Archive for the ‘How HipChat Works’ Category

zuhaib

Elasticsearch at HipChat: 10x faster queries

By zuhaib | 4 months ago | 6 Comments

Last fall we discussed our journey to 1 billion chat messages stored and how we used Elasticsearch to get there. By April we’d already surpassed 2 billion messages and our growth rate only continues to increase. Unfortunately all this growth has highlighted flaws in our initial Elasticsearch setup.

When we first migrated to Elasticsearch we were under time pressure from a dying CouchDB architecture and did not have the time to evaluate as many design options as we would have liked. In the end we chose a model that was easy to roll out but did not have great performance. In the graph below you can see that requests to load uncached history could take many seconds:

Average response times between 500ms-1000ms with spikes as high as 6000ms!

Identifying our problem

Obviously taking this long to fetch data is not acceptable, so we started investigating.

Hipchat Y U SO SLOW

What we found was a simple problem that had been compounded by the sheer data size we were now working with. With CouchDB we had stored our datetime field as a string and built views around it to do efficient range queries; something it did very well and with little memory usage.

So why did this cause such a performance problem for Elasticsearch?

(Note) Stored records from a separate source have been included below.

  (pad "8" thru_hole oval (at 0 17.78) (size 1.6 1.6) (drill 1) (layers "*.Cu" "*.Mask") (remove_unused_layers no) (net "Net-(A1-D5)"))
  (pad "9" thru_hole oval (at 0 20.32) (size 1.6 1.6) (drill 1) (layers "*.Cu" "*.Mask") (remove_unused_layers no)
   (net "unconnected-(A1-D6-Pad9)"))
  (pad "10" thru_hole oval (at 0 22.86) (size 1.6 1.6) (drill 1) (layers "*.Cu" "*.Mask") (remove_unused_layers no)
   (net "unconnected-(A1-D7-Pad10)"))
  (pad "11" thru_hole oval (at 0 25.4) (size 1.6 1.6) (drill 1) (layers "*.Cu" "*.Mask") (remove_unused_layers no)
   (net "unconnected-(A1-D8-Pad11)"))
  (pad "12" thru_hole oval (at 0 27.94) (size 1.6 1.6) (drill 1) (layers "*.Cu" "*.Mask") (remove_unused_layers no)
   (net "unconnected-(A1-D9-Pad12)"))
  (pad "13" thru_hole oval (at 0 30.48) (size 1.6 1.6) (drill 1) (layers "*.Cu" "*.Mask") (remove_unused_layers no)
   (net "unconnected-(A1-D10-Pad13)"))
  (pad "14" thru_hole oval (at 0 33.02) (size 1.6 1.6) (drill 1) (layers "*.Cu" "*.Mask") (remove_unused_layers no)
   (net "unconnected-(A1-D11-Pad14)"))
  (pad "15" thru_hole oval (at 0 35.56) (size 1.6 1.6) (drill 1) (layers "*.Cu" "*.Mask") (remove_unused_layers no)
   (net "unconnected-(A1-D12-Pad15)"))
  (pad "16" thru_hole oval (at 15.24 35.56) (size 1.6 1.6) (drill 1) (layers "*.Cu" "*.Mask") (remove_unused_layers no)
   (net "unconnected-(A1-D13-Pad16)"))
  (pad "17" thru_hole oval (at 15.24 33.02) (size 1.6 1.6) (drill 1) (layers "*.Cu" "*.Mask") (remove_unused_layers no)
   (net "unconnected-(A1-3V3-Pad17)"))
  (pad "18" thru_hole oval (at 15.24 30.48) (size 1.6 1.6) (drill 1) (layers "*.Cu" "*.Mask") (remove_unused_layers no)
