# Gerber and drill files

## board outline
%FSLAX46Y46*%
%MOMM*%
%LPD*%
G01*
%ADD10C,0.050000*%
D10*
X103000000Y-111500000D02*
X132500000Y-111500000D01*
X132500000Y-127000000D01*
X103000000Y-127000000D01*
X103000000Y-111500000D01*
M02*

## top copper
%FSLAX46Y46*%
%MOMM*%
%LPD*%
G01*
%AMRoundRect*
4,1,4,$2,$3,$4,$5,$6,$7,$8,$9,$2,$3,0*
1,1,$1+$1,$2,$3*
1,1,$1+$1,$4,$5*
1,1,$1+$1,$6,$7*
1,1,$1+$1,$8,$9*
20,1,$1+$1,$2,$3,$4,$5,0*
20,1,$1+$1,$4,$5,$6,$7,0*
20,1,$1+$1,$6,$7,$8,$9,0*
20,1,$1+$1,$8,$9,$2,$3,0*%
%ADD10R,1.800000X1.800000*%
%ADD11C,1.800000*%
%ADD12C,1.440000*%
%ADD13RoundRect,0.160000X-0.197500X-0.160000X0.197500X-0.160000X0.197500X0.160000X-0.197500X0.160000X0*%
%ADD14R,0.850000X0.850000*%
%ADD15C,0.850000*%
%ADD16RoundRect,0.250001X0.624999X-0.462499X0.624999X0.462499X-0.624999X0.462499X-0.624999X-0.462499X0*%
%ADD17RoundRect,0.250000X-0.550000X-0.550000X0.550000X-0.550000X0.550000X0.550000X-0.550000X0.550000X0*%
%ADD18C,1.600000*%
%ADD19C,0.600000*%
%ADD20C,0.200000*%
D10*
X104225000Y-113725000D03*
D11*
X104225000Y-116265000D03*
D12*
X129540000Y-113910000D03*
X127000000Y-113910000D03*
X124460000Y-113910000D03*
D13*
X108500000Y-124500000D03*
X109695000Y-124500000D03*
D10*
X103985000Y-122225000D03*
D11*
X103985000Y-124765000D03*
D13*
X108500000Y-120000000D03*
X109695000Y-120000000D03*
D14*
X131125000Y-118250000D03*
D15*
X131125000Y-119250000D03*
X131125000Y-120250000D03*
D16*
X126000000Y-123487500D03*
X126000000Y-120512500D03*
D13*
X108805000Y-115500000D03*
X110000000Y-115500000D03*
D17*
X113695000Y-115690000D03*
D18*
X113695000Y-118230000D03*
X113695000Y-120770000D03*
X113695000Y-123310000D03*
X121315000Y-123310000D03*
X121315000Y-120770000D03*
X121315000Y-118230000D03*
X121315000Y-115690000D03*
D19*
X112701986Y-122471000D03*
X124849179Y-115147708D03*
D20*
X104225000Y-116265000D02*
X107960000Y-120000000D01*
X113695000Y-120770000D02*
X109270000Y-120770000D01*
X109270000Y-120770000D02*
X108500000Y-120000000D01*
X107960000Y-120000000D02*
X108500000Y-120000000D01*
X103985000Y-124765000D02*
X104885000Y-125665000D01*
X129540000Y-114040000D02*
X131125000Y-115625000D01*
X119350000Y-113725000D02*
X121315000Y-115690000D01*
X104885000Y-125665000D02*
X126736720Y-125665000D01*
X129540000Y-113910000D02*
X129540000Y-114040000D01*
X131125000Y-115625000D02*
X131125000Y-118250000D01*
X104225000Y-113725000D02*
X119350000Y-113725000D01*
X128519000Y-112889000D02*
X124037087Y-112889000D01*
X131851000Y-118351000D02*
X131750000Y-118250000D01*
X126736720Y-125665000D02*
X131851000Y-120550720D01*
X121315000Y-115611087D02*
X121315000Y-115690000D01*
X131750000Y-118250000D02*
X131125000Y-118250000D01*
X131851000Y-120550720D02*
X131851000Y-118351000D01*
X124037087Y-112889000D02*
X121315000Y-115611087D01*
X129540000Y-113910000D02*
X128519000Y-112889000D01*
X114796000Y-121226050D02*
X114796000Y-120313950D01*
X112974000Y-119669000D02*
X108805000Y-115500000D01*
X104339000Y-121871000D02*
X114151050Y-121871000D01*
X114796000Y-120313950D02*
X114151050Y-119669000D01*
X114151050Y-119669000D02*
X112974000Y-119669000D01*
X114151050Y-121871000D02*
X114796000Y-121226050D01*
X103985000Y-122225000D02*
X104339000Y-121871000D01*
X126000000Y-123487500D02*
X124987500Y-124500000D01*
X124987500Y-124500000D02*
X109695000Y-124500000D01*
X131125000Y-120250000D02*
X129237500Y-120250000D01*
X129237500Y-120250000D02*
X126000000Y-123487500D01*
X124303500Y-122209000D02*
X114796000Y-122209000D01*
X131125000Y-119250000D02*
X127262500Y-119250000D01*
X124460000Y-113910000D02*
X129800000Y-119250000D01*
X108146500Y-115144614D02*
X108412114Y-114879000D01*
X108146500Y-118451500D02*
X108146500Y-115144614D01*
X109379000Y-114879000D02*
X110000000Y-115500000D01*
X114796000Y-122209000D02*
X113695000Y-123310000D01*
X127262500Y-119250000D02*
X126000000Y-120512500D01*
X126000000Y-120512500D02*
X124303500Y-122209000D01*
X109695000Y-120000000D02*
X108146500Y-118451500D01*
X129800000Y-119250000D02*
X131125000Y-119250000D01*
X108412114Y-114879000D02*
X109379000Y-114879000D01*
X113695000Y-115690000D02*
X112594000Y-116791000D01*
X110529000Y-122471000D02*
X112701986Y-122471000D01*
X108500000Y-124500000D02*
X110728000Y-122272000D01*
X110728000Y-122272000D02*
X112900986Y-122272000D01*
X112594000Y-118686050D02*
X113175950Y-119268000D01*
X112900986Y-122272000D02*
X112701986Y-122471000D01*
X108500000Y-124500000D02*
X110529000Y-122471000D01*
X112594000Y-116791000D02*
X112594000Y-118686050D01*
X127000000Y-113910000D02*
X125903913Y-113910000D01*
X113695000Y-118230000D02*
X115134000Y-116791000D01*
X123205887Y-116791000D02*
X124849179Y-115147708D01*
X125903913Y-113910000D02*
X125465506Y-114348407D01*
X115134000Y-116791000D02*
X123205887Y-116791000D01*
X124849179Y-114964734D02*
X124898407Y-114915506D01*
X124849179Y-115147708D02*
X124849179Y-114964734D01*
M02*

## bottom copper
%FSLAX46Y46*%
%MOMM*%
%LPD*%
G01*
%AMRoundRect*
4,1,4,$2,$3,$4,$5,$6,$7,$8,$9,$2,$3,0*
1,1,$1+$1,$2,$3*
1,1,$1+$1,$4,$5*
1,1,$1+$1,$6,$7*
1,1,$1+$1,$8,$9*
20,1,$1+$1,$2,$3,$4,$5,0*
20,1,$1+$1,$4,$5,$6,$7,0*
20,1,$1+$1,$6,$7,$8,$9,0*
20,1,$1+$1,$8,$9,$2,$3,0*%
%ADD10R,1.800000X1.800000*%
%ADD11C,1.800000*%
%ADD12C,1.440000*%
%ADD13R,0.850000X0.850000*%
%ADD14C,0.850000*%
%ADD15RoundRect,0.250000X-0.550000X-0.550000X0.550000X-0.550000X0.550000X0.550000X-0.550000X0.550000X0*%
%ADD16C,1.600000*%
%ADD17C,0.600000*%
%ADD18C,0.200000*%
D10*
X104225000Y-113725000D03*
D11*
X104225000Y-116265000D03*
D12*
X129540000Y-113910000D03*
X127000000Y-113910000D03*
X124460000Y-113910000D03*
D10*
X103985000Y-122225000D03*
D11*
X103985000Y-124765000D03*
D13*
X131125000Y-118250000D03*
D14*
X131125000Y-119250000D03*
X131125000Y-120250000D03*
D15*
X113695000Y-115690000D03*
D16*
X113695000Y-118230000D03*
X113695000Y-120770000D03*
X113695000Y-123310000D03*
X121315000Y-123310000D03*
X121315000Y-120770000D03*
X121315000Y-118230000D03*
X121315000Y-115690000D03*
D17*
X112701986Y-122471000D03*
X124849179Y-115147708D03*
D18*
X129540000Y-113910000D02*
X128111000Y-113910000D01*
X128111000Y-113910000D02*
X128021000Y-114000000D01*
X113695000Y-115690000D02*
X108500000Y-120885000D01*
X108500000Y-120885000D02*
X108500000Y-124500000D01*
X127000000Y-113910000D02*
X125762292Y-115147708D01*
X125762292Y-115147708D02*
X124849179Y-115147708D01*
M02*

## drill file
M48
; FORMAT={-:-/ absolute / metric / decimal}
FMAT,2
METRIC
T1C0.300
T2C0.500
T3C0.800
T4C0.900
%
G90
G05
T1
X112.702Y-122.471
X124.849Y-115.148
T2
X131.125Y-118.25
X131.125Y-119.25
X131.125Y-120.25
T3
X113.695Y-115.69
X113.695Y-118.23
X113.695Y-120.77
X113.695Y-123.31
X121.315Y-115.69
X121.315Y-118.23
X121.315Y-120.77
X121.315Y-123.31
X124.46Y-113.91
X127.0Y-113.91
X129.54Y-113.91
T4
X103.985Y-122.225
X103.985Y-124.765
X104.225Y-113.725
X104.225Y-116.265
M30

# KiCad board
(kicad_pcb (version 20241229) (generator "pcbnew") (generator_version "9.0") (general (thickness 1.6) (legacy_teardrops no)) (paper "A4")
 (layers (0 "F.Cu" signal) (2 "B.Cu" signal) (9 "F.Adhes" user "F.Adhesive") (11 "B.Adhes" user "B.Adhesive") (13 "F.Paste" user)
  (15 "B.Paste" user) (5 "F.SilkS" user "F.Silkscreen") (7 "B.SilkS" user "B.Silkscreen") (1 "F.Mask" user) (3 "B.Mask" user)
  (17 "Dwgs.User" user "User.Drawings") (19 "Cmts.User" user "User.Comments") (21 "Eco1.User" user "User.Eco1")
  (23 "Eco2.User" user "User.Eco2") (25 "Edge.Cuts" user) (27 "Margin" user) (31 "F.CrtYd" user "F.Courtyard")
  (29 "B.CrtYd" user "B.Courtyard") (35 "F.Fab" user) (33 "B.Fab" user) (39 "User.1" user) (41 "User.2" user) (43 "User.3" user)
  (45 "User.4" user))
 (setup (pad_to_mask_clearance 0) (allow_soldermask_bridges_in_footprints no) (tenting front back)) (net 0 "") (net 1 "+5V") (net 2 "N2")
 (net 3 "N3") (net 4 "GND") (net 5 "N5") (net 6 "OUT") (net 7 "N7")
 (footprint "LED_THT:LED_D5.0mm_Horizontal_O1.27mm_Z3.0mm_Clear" (layer "F.Cu") (at 104.225 113.725 -90)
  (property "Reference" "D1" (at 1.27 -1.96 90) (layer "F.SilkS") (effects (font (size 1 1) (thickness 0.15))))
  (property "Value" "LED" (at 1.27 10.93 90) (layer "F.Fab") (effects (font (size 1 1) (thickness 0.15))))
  (pad "1" thru_hole rect (at 0 0 270) (size 1.8 1.8) (drill 0.9) (layers "*.Cu" "*.Mask") (remove_unused_layers no) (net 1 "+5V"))
  (pad "2" thru_hole circle (at 2.54 0 270) (size 1.8 1.8) (drill 0.9) (layers "*.Cu" "*.Mask") (remove_unused_layers no) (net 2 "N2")))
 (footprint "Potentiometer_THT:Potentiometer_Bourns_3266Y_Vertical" (layer "F.Cu") (at 129.54 113.91)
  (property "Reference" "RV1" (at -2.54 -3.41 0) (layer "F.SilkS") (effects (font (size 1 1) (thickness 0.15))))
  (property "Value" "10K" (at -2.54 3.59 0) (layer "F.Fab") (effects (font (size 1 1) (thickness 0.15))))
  (pad "1" thru_hole circle (at 0 0) (size 1.44 1.44) (drill 0.8) (layers "*.Cu" "*.Mask") (remove_unused_layers no) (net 1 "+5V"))
  (pad "2" thru_hole circle (at -2.54 0) (size 1.44 1.44) (drill 0.8) (layers "*.Cu" "*.Mask") (remove_unused_layers no) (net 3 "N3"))
  (pad "3" thru_hole circle (at -5.08 0) (size 1.44 1.44) (drill 0.8) (layers "*.Cu" "*.Mask") (remove_unused_layers no) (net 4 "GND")))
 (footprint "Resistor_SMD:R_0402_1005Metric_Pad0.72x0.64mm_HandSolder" (layer "F.Cu") (at 109.0975 124.5)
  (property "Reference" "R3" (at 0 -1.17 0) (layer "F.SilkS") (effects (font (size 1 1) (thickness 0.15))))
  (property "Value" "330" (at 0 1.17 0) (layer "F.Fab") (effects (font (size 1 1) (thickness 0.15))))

Well, an old and incorrect design decision resulted in us storing datetime values in a way that was close to ISO 8601, but not entirely the same. This custom format posed no problem for CouchDB as it treated it as any other sortable string.

On the other hand, Elasticsearch keeps as much of your data in memory as possible, including the field you sort by. Since we were using these long datetime strings it needed much memory to store them: up to 18GB across our 16 nodes.

In addition, all of our in app history queries use a range filter so we can request history between two datetimes. For Elasticsearch to answer this query it had to load all the datetime fields from disk to memory for the query, compute the range, and then throw away the data it didn’t need.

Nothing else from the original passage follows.